# Just some thoughts



## Zippy (Jan 11, 2006)

Not sure what my problem is, exactly...other then a lot of self-loathing and anger.  I've never kissed a girl and I'm 24.

I've only ever been on one date with a woman about 3 years ago.  I was unable to show her any affection at all, and instead I just sort of stayed quiet the whole time.  She would tell me I'm cute, and give me little hints that she was interested...then later, she even *told* me she wanted to have sex.  Nothing...I didn't do *anything*.  Clearly, I was attracted to her because I initiated the meeting with her.  But there's a part of me, I think, that just wants to curl up and fight anyone who gets near me.  And this part is what took over that night.

Then she sent me a letter saying she wasn't judgemental...So I wrote back to her and gave her this picture that insulted her.  She wouldn't talk to me anymore after that... A stupid thing to do, but I did it. It bothered me a little, but I just shrugged it off. 
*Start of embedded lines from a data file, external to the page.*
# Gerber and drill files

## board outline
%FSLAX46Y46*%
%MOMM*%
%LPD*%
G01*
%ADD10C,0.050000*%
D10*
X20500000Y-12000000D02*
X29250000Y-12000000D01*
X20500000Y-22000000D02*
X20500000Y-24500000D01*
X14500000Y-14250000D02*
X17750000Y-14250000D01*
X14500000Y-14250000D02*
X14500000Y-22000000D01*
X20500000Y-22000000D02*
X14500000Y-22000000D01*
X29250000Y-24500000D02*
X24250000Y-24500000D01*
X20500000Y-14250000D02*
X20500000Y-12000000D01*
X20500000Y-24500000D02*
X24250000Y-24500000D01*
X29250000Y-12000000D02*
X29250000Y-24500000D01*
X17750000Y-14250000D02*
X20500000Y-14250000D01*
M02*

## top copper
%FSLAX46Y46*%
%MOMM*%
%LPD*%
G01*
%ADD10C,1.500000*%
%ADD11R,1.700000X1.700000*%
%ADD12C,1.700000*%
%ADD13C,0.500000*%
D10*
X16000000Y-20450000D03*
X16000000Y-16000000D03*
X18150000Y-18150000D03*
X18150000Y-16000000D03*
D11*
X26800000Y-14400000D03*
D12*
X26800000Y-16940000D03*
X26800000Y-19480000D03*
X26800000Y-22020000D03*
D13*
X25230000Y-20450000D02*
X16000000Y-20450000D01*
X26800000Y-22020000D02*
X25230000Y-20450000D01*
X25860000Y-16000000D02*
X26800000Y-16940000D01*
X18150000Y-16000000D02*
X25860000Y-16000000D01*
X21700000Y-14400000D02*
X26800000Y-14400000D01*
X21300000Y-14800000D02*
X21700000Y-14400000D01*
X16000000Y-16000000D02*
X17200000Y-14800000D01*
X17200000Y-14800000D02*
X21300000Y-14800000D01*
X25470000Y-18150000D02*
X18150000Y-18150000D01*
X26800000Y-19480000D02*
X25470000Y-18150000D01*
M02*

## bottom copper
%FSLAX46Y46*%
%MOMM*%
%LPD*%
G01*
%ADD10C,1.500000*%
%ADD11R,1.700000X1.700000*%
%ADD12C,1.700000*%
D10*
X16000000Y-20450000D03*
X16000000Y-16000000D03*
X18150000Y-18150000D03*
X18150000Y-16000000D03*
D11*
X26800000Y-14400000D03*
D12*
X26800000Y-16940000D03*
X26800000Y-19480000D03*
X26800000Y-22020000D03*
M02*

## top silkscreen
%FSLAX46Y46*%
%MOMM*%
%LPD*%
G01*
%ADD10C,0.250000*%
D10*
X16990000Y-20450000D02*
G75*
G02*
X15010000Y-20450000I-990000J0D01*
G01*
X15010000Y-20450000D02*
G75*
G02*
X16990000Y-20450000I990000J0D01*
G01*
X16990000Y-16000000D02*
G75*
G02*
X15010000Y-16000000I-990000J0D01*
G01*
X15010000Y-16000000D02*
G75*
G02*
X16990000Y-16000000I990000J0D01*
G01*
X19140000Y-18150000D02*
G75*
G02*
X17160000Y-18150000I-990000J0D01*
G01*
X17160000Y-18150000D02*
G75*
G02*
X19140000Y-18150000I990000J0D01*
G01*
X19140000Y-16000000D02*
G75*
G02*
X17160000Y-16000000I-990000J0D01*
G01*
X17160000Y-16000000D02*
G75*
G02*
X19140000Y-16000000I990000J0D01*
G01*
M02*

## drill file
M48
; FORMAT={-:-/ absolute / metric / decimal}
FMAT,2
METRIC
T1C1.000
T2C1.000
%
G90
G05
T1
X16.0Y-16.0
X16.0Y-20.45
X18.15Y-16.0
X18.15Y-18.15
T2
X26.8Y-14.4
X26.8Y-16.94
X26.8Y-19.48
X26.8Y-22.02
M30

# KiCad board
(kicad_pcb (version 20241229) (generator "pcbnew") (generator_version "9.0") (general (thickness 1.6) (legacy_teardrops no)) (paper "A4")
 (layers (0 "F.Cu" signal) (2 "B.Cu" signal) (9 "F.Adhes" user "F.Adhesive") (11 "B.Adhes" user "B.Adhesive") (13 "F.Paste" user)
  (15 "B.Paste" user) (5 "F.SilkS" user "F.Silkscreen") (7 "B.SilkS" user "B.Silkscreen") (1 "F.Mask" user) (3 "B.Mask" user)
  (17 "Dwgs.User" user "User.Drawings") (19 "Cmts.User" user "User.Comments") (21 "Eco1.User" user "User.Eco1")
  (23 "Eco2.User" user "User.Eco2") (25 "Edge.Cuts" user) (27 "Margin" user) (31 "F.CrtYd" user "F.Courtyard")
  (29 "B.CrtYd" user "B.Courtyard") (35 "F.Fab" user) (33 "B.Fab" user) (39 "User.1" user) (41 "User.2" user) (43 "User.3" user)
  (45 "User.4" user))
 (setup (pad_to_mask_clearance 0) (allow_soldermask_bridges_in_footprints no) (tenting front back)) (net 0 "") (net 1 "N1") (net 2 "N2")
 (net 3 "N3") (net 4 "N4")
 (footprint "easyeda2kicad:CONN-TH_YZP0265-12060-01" (layer "F.Cu") (at 16 20.45)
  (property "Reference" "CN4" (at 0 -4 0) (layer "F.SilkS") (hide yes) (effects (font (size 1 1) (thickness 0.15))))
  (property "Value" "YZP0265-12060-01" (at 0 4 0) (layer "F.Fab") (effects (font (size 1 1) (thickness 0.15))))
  (fp_circle (center 0 0) (end 0.99 0) (stroke (width 0.25) (type solid)) (fill no) (layer "F.SilkS"))
  (pad "1" thru_hole circle (at 0 0) (size 1.5 1.5) (drill 0.999998) (layers "*.Cu" "*.Mask") (remove_unused_layers no) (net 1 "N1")))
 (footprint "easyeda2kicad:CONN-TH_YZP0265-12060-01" (layer "F.Cu") (at 16 16)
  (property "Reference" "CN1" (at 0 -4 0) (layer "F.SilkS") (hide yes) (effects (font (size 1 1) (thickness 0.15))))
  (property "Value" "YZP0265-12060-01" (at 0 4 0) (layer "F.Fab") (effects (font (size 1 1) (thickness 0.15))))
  (fp_circle (center 0 0) (end 0.99 0) (stroke (width 0.25) (type solid)) (fill no) (layer "F.SilkS"))
  (pad "1" thru_hole circle (at 0 0) (size 1.5 1.5) (drill 0.999998) (layers "*.Cu" "*.Mask") (remove_unused_layers no) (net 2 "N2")))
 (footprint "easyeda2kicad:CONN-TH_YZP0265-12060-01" (layer "F.Cu") (at 18.15 18.15)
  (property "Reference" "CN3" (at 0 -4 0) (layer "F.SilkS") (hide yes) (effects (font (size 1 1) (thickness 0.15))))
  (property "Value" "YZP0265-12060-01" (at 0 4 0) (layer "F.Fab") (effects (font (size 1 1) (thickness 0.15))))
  (fp_circle (center 0 0) (end 0.99 0) (stroke (width 0.25) (type solid)) (fill no) (layer "F.SilkS"))
  (pad "1" thru_hole circle (at 0 0) (size 1.5 1.5) (drill 0.999998) (layers "*.Cu" "*.Mask") (remove_unused_layers no) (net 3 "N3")))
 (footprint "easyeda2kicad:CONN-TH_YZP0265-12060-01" (layer "F.Cu") (at 18.15 16)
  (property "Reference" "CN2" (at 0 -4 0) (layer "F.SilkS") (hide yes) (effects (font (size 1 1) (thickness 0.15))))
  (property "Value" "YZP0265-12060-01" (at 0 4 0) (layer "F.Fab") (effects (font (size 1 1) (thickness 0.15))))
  (fp_circle (center 0 0) (end 0.99 0) (stroke (width 0.25) (type solid)) (fill no) (layer "F.SilkS"))
  (pad "1" thru_hole circle (at 0 0) (size 1.5 1.5) (drill 0.999998) (layers "*.Cu" "*.Mask") (remove_unused_layers no) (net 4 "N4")))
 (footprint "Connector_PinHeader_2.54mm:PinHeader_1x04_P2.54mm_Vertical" (layer "B.Cu") (at 26.8 14.4 180)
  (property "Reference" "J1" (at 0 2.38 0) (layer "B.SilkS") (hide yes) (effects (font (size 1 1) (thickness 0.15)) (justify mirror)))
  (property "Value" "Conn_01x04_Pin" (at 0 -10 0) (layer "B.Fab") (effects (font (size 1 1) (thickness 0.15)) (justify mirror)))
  (pad "1" thru_hole rect (at 0 0 180) (size 1.7 1.7) (drill 1) (layers "*.Cu" "*.Mask") (remove_unused_layers no) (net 2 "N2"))
  (pad "2" thru_hole circle (at 0 -2.54 180) (size 1.7 1.7) (drill 1) (layers "*.Cu" "*.Mask") (remove_unused_layers no) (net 4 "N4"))
  (pad "3" thru_hole circle (at 0 -5.08 180) (size 1.7 1.7) (drill 1) (layers "*.Cu" "*.Mask") (remove_unused_layers no) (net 3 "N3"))
  (pad "4" thru_hole circle (at 0 -7.62 180) (size 1.7 1.7) (drill 1) (layers "*.Cu" "*.Mask") (remove_unused_layers no) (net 1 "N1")))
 (gr_line (start 20.5 12) (end 29.25 12) (stroke (width 0.05) (type default)) (layer "Edge.Cuts"))
 (gr_line (start 20.5 22) (end 20.5 24.5) (stroke (width 0.05) (type default)) (layer "Edge.Cuts"))
 (gr_line (start 14.5 14.25) (end 17.75 14.25) (stroke (width 0.05) (type default)) (layer "Edge.Cuts"))
 (gr_line (start 14.5 14.25) (end 14.5 22) (stroke (width 0.05) (type default)) (layer "Edge.Cuts"))
 (gr_line (start 20.5 22) (end 14.5 22) (stroke (width 0.05) (type default)) (layer "Edge.Cuts"))
 (gr_line (start 29.25 24.5) (end 24.25 24.5) (stroke (width 0.05) (type default)) (layer "Edge.Cuts"))
 (gr_line (start 20.5 14.25) (end 20.5 12) (stroke (width 0.05) (type default)) (layer "Edge.Cuts"))
 (gr_line (start 20.5 24.5) (end 24.25 24.5) (stroke (width 0.05) (type default)) (layer "Edge.Cuts"))
 (gr_line (start 29.25 12) (end 29.25 24.5) (stroke (width 0.05) (type default)) (layer "Edge.Cuts"))
 (gr_line (start 17.75 14.25) (end 20.5 14.25) (stroke (width 0.05) (type default)) (layer "Edge.Cuts"))
 (segment (start 25.23 20.45) (end 16 20.45) (width 0.5) (layer "F.Cu") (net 1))
 (segment (start 26.8 22.02) (end 25.23 20.45) (width 0.5) (layer "F.Cu") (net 1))
 (segment (start 25.86 16) (end 26.8 16.94) (width 0.5) (layer "F.Cu") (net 4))
 (segment (start 18.15 16) (end 25.86 16) (width 0.5) (layer "F.Cu") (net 4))
 (segment (start 21.7 14.4) (end 26.8 14.4) (width 0.5) (layer "F.Cu") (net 2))
 (segment (start 21.3 14.8) (end 21.7 14.4) (width 0.5) (layer "F.Cu") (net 2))
 (segment (start 16 16) (end 17.2 14.8) (width 0.5) (layer "F.Cu") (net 2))
 (segment (start 17.2 14.8) (end 21.3 14.8) (width 0.5) (layer "F.Cu") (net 2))
 (segment (start 25.47 18.15) (end 18.15 18.15) (width 0.5) (layer "F.Cu") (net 3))
 (segment (start 26.8 19.48) (end 25.47 18.15) (width 0.5) (layer "F.Cu") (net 3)))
 Recently, I came across her online journal from a couple years ago.  She writes about how disgusted and angry she was with all the retards she dated, and how lonely she was.  And this is what makes me really, really sad...But I'm not sure why I'm like this.  I could have made a difference in her life, but I was cold and selfish.

 I don't know why I want to be alone all the time!  I really miss her...but I just have to cope with her loss, even though I could show her no love to begin with...  

Anyway, that's just what's on my mind right now.  Probably shouldn't be in the 'relationships' section, as there was none.  But whatever...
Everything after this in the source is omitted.